The price has put me off! Maisie was on Nature's diet or forthglade. So I wasn't paying more for different packaging or a rebrand... If the recipe has changed no thank you!


----------



## Mum2Heidi

To be honest, I’m (and Heidi) loving the new Naturediet in tetra packs.
I threw the towel in with it years ago after the packaging issues and poor customer service. Vowed I’d never use it again.
If anything it suits Heidi better than it ever did. I heard good things about it, contacted ND, told them I was interested to try again but after past experience etc....... They were lovely and offered to send a selection to try.
For years the only wet that suits is Butchers so I’m very happy.
(My local pet shop sells ND £1 each).


----------



## Westie Mum

lullabydream said:


> The price has put me off! Maisie was on Nature's diet or forthglade. So I wasn't paying more for different packaging or a rebrand... If the recipe has changed no thank you!


Thankfully these were about 50 odd pence each at Crufts but yes, I've seen they have dramatically increased the price !

Not sure if the recipe has actually changed or not tbh.

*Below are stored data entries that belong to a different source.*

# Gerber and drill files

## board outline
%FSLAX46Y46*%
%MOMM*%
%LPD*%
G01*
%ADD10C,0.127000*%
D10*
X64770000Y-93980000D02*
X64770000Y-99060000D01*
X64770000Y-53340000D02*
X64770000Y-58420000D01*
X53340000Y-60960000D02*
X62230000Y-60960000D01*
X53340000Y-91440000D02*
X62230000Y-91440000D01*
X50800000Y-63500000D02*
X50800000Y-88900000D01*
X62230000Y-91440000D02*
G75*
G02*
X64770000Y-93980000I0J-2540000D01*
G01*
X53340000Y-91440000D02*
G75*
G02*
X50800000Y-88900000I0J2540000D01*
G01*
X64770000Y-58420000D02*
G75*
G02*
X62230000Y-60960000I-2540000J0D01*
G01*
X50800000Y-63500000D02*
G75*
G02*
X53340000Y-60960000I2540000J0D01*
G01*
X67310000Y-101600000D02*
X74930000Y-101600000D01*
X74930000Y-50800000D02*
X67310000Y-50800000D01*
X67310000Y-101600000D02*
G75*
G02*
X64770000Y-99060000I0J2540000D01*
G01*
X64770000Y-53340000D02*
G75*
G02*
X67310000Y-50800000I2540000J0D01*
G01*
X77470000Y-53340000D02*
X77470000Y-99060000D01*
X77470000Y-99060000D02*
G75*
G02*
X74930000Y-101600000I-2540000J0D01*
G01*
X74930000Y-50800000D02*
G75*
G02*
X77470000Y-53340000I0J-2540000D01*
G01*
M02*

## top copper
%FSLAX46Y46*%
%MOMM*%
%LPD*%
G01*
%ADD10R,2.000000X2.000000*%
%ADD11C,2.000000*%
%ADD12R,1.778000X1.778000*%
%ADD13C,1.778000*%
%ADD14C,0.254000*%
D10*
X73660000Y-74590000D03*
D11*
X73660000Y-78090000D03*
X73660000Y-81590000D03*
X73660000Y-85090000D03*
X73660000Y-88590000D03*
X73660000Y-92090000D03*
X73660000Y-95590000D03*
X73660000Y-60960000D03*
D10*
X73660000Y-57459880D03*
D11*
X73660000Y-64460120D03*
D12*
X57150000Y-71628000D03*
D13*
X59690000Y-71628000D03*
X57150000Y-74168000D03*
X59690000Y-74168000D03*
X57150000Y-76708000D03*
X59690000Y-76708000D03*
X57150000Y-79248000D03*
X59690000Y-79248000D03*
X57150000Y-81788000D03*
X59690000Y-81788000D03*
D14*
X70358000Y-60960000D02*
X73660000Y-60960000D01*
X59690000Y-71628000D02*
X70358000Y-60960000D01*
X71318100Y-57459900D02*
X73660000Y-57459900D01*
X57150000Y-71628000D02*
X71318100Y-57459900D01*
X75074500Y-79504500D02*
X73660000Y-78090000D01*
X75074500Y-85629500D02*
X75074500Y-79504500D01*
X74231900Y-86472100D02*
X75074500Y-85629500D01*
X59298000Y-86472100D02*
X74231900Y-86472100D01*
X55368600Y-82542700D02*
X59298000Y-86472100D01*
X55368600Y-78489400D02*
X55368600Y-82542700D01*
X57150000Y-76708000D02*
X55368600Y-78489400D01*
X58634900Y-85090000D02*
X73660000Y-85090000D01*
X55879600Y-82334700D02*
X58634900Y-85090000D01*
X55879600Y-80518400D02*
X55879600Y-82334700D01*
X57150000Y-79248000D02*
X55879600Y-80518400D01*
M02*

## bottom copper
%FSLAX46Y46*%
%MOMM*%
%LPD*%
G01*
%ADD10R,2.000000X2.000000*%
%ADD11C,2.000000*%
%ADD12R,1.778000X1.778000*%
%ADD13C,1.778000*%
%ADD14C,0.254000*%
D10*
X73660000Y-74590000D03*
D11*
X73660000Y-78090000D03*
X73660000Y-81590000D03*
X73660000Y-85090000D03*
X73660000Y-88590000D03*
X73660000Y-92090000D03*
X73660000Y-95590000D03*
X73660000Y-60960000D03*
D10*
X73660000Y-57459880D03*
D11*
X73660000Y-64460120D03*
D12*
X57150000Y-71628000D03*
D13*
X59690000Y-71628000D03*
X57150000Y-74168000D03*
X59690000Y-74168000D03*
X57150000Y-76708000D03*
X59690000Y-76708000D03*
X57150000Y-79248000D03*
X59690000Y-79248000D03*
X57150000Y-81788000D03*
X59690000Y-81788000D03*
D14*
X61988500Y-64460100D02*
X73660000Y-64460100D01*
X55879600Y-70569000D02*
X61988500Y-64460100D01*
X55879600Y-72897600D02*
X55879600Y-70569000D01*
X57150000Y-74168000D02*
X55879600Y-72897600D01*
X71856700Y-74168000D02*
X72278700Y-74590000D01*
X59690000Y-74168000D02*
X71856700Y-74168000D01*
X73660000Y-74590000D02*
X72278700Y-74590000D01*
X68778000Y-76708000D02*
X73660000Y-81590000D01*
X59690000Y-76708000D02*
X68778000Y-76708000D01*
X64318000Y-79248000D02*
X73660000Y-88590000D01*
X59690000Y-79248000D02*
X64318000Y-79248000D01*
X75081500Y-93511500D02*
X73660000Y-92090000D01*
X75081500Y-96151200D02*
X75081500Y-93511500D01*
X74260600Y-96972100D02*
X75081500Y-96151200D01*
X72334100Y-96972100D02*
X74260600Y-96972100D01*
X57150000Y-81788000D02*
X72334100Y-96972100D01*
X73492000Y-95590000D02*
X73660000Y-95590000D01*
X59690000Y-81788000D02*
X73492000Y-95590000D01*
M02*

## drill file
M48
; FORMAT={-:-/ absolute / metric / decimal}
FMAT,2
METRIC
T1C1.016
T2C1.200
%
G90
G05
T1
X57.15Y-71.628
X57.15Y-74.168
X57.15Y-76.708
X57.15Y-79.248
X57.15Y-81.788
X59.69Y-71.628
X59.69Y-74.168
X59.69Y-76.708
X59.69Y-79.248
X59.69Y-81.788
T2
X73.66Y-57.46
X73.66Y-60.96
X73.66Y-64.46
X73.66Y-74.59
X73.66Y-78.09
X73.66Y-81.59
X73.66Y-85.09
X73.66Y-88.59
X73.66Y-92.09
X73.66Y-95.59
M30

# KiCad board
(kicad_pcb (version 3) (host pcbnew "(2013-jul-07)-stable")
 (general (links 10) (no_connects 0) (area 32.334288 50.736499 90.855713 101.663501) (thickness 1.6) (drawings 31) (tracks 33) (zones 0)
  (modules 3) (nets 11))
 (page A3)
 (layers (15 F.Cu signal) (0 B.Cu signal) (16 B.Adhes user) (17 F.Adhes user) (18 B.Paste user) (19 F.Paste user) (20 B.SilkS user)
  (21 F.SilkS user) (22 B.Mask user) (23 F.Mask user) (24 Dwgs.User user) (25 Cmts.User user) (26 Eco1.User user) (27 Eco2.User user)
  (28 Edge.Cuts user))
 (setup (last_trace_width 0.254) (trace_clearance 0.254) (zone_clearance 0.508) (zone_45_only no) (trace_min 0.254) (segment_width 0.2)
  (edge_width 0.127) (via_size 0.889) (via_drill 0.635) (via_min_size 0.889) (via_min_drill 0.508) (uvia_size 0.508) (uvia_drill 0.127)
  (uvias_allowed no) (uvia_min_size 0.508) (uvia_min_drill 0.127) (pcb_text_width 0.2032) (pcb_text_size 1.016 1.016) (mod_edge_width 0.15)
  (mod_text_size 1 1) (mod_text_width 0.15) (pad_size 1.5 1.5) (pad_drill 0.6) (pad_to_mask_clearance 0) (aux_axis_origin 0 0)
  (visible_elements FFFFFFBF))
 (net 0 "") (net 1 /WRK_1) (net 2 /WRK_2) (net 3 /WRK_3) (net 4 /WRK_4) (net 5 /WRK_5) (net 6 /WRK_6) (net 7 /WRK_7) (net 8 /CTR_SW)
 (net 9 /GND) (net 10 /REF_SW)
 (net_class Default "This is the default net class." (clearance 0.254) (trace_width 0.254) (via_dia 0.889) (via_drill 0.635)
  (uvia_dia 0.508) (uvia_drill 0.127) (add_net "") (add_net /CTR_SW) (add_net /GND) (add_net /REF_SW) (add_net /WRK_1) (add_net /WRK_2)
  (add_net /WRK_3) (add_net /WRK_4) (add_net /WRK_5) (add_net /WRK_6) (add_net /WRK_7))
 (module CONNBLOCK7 (layer F.Cu) (at 73.66 85.09 270)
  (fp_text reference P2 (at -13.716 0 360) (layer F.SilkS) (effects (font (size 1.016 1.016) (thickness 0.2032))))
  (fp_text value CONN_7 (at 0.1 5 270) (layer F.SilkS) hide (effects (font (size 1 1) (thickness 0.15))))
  (pad 1 thru_hole rect (at -10.5 0 270) (size 2 2) (drill 1.2) (layers *.Cu *.Mask F.SilkS) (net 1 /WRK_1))
  (pad 2 thru_hole circle (at -7 0 270) (size 2 2) (drill 1.2) (layers *.Cu *.Mask F.SilkS) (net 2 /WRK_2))
  (pad 3 thru_hole circle (at -3.5 0 270) (size 2 2) (drill 1.2) (layers *.Cu *.Mask F.SilkS) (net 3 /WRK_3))
  (pad 4 thru_hole circle (at 0 0 270) (size 2 2) (drill 1.2) (layers *.Cu *.Mask F.SilkS) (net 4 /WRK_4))
  (pad 5 thru_hole circle (at 3.5 0 270) (size 2 2) (drill 1.2) (layers *.Cu *.Mask F.SilkS) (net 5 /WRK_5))
  (pad 6 thru_hole circle (at 7 0 270) (size 2 2) (drill 1.2) (layers *.Cu *.Mask F.SilkS) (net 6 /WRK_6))
  (pad 7 thru_hole circle (at 10.5 0 270) (size 2 2) (drill 1.2) (layers *.Cu *.Mask F.SilkS) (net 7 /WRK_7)))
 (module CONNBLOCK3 (layer F.Cu) (at 73.66 60.96 270)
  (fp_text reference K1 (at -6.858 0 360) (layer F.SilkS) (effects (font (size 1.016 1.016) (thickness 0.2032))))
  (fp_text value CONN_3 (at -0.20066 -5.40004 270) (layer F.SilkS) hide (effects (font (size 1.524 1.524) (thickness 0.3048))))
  (pad 2 thru_hole circle (at 0 0 270) (size 2 2) (drill 1.2) (layers *.Cu *.Mask F.SilkS) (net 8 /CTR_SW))
  (pad 1 thru_hole rect (at -3.50012 0 270) (size 2 2) (drill 1.2) (layers *.Cu *.Mask F.SilkS) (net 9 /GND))
  (pad 3 thru_hole circle (at 3.50012 0 270) (size 2 2) (drill 1.2) (layers *.Cu *.Mask F.SilkS) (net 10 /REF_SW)))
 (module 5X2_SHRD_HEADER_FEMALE (layer B.Cu) (at 58.42 76.2 90)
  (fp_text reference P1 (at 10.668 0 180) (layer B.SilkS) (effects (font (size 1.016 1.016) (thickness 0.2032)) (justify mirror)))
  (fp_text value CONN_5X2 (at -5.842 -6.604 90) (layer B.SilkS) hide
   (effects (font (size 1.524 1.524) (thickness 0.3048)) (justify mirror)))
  (pad 1 thru_hole rect (at 4.572 -1.27 270) (size 1.778 1.778) (drill 1.016) (layers *.Cu *.Mask B.SilkS) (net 9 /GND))
  (pad 2 thru_hole circle (at 4.572 1.27 270) (size 1.778 1.778) (drill 1.016) (layers *.Cu *.Mask B.SilkS) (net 8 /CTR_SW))
  (pad 3 thru_hole circle (at 2.032 -1.27 270) (size 1.778 1.778) (drill 1.016) (layers *.Cu *.Mask B.SilkS) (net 10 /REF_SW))
  (pad 4 thru_hole circle (at 2.032 1.27 270) (size 1.778 1.778) (drill 1.016) (layers *.Cu *.Mask B.SilkS) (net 1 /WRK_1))
  (pad 5 thru_hole circle (at -0.508 -1.27 270) (size 1.778 1.778) (drill 1.016) (layers *.Cu *.Mask B.SilkS) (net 2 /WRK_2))
  (pad 6 thru_hole circle (at -0.508 1.27 270) (size 1.778 1.778) (drill 1.016) (layers *.Cu *.Mask B.SilkS) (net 3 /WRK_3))
  (pad 7 thru_hole circle (at -3.048 -1.27 270) (size 1.778 1.778) (drill 1.016) (layers *.Cu *.Mask B.SilkS) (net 4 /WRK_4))
  (pad 8 thru_hole circle (at -3.048 1.27 270) (size 1.778 1.778) (drill 1.016) (layers *.Cu *.Mask B.SilkS) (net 5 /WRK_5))
  (pad 9 thru_hole circle (at -5.588 -1.27 270) (size 1.778 1.778) (drill 1.016) (layers *.Cu *.Mask B.SilkS) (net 6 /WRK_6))
  (pad 10 thru_hole circle (at -5.588 1.27 270) (size 1.778 1.778) (drill 1.016) (layers *.Cu *.Mask B.SilkS) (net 7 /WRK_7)))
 (gr_line (start 64.77 93.98) (end 64.77 99.06) (angle 90) (layer Edge.Cuts) (width 0.127))
 (gr_line (start 64.77 53.34) (end 64.77 58.42) (angle 90) (layer Edge.Cuts) (width 0.127))
 (gr_line (start 53.34 60.96) (end 62.23 60.96) (angle 90) (layer Edge.Cuts) (width 0.127))
 (gr_line (start 53.34 91.44) (end 62.23 91.44) (angle 90) (layer Edge.Cuts) (width 0.127))
 (gr_line (start 50.8 63.5) (end 50.8 88.9) (angle 90) (layer Edge.Cuts) (width 0.127))
 (gr_arc (start 62.23 93.98) (end 62.23 91.44) (angle 90) (layer Edge.Cuts) (width 0.127))
 (gr_arc (start 53.34 88.9) (end 53.34 91.44) (angle 90) (layer Edge.Cuts) (width 0.127))
 (gr_arc (start 62.23 58.42) (end 64.77 58.42) (angle 90) (layer Edge.Cuts) (width 0.127))
 (gr_arc (start 53.34 63.5) (end 50.8 63.5) (angle 90) (layer Edge.Cuts) (width 0.127))
 (gr_line (start 67.31 101.6) (end 74.93 101.6) (angle 90) (layer Edge.Cuts) (width 0.127))
 (gr_line (start 74.93 50.8) (end 67.31 50.8) (angle 90) (layer Edge.Cuts) (width 0.127))
 (gr_arc (start 67.31 99.06) (end 67.31 101.6) (angle 90) (layer Edge.Cuts) (width 0.127))
 (gr_arc (start 67.31 53.34) (end 64.77 53.34) (angle 90) (layer Edge.Cuts) (width 0.127))
 (gr_line (start 77.47 53.34) (end 77.47 99.06) (angle 90) (layer Edge.Cuts) (width 0.127))
 (gr_arc (start 74.93 99.06) (end 77.47 99.06) (angle 90) (layer Edge.Cuts) (width 0.127))
 (gr_arc (start 74.93 53.34) (end 74.93 50.8) (angle 90) (layer Edge.Cuts) (width 0.127))
 (segment (start 70.358 60.96) (end 73.66 60.96) (width 0.254) (layer F.Cu) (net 8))
 (segment (start 59.69 71.628) (end 70.358 60.96) (width 0.254) (layer F.Cu) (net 8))
 (segment (start 71.3181 57.4599) (end 73.66 57.4599) (width 0.254) (layer F.Cu) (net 9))
 (segment (start 57.15 71.628) (end 71.3181 57.4599) (width 0.254) (layer F.Cu) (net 9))
 (segment (start 61.9885 64.4601) (end 73.66 64.4601) (width 0.254) (layer B.Cu) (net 10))
 (segment (start 55.8796 70.569) (end 61.9885 64.4601) (width 0.254) (layer B.Cu) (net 10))
 (segment (start 55.8796 72.8976) (end 55.8796 70.569) (width 0.254) (layer B.Cu) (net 10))
 (segment (start 57.15 74.168) (end 55.8796 72.8976) (width 0.254) (layer B.Cu) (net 10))
 (segment (start 71.8567 74.168) (end 72.2787 74.59) (width 0.254) (layer B.Cu) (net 1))
 (segment (start 59.69 74.168) (end 71.8567 74.168) (width 0.254) (layer B.Cu) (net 1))
 (segment (start 73.66 74.59) (end 72.2787 74.59) (width 0.254) (layer B.Cu) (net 1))
 (segment (start 75.0745 79.5045) (end 73.66 78.09) (width 0.254) (layer F.Cu) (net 2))
 (segment (start 75.0745 85.6295) (end 75.0745 79.5045) (width 0.254) (layer F.Cu) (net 2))
 (segment (start 74.2319 86.4721) (end 75.0745 85.6295) (width 0.254) (layer F.Cu) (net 2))
 (segment (start 59.298 86.4721) (end 74.2319 86.4721) (width 0.254) (layer F.Cu) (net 2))
 (segment (start 55.3686 82.5427) (end 59.298 86.4721) (width 0.254) (layer F.Cu) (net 2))
 (segment (start 55.3686 78.4894) (end 55.3686 82.5427) (width 0.254) (layer F.Cu) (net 2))
 (segment (start 57.15 76.708) (end 55.3686 78.4894) (width 0.254) (layer F.Cu) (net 2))
 (segment (start 68.778 76.708) (end 73.66 81.59) (width 0.254) (layer B.Cu) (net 3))
 (segment (start 59.69 76.708) (end 68.778 76.708) (width 0.254) (layer B.Cu) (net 3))
 (segment (start 58.6349 85.09) (end 73.66 85.09) (width 0.254) (layer F.Cu) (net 4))
 (segment (start 55.8796 82.3347) (end 58.6349 85.09) (width 0.254) (layer F.Cu) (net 4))
 (segment (start 55.8796 80.5184) (end 55.8796 82.3347) (width 0.254) (layer F.Cu) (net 4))
 (segment (start 57.15 79.248) (end 55.8796 80.5184) (width 0.254) (layer F.Cu) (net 4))
 (segment (start 64.318 79.248) (end 73.66 88.59) (width 0.254) (layer B.Cu) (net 5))
 (segment (start 59.69 79.248) (end 64.318 79.248) (width 0.254) (layer B.Cu) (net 5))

But not sure I've you've had a milkshake from MacDonald's since they changed to paper straws - they taste totally different now too 



Mum2Heidi said:


> To be honest, I'm (and Heidi) loving the new Naturediet in tetra packs.
> I threw the towel in with it years ago after the packaging issues and poor customer service. Vowed I'd never use it again.
> If anything it suits Heidi better than it ever did. I heard good things about it, contacted ND, told them I was interested to try again but after past experience etc....... They were lovely and offered to send a selection to try.
> For years the only wet that suits is Butchers so I'm very happy.
> (My local pet shop sells ND £1 each).


These were the grain free and Purely ones .... the Purely ones smelt even worse than the grain free ones. A very strange smell, like a mixture between poo and sick :Vomit

That's great they are working for Heidi - either I got a bad batch or I'm just very nose sensitive :Wideyed


----------



## Mum2Heidi

Westie Mum said:


> These were the grain free and Purely ones .... the Purely ones smelt even worse than the grain free ones. A very strange smell, like a mixture between poo and sick :Vomit
> 
> That's great they are working for Heidi - either I got a bad batch or I'm just very nose sensitive :Wideyed


I had grain free and "with rice" to try. Both suit her. Grain free more so. "With rice" firmed things a little too much. Which has been her issue. She's been great on 100% Eden but pooh became so firm and small it wasn't clearing her anal glands - the reason for trying wet again.
For me it's back to it's "steam sterilised" raw days which became lost in their issues.
I'm going to try the Purely instead of picking out the veg (which doesn't agree with her). 
I haven't noticed any nasty whiffs.


----------



## Little-moomin

I am hoping to raw feed, but if I choose not to.. do you feed wet and dry or just wet?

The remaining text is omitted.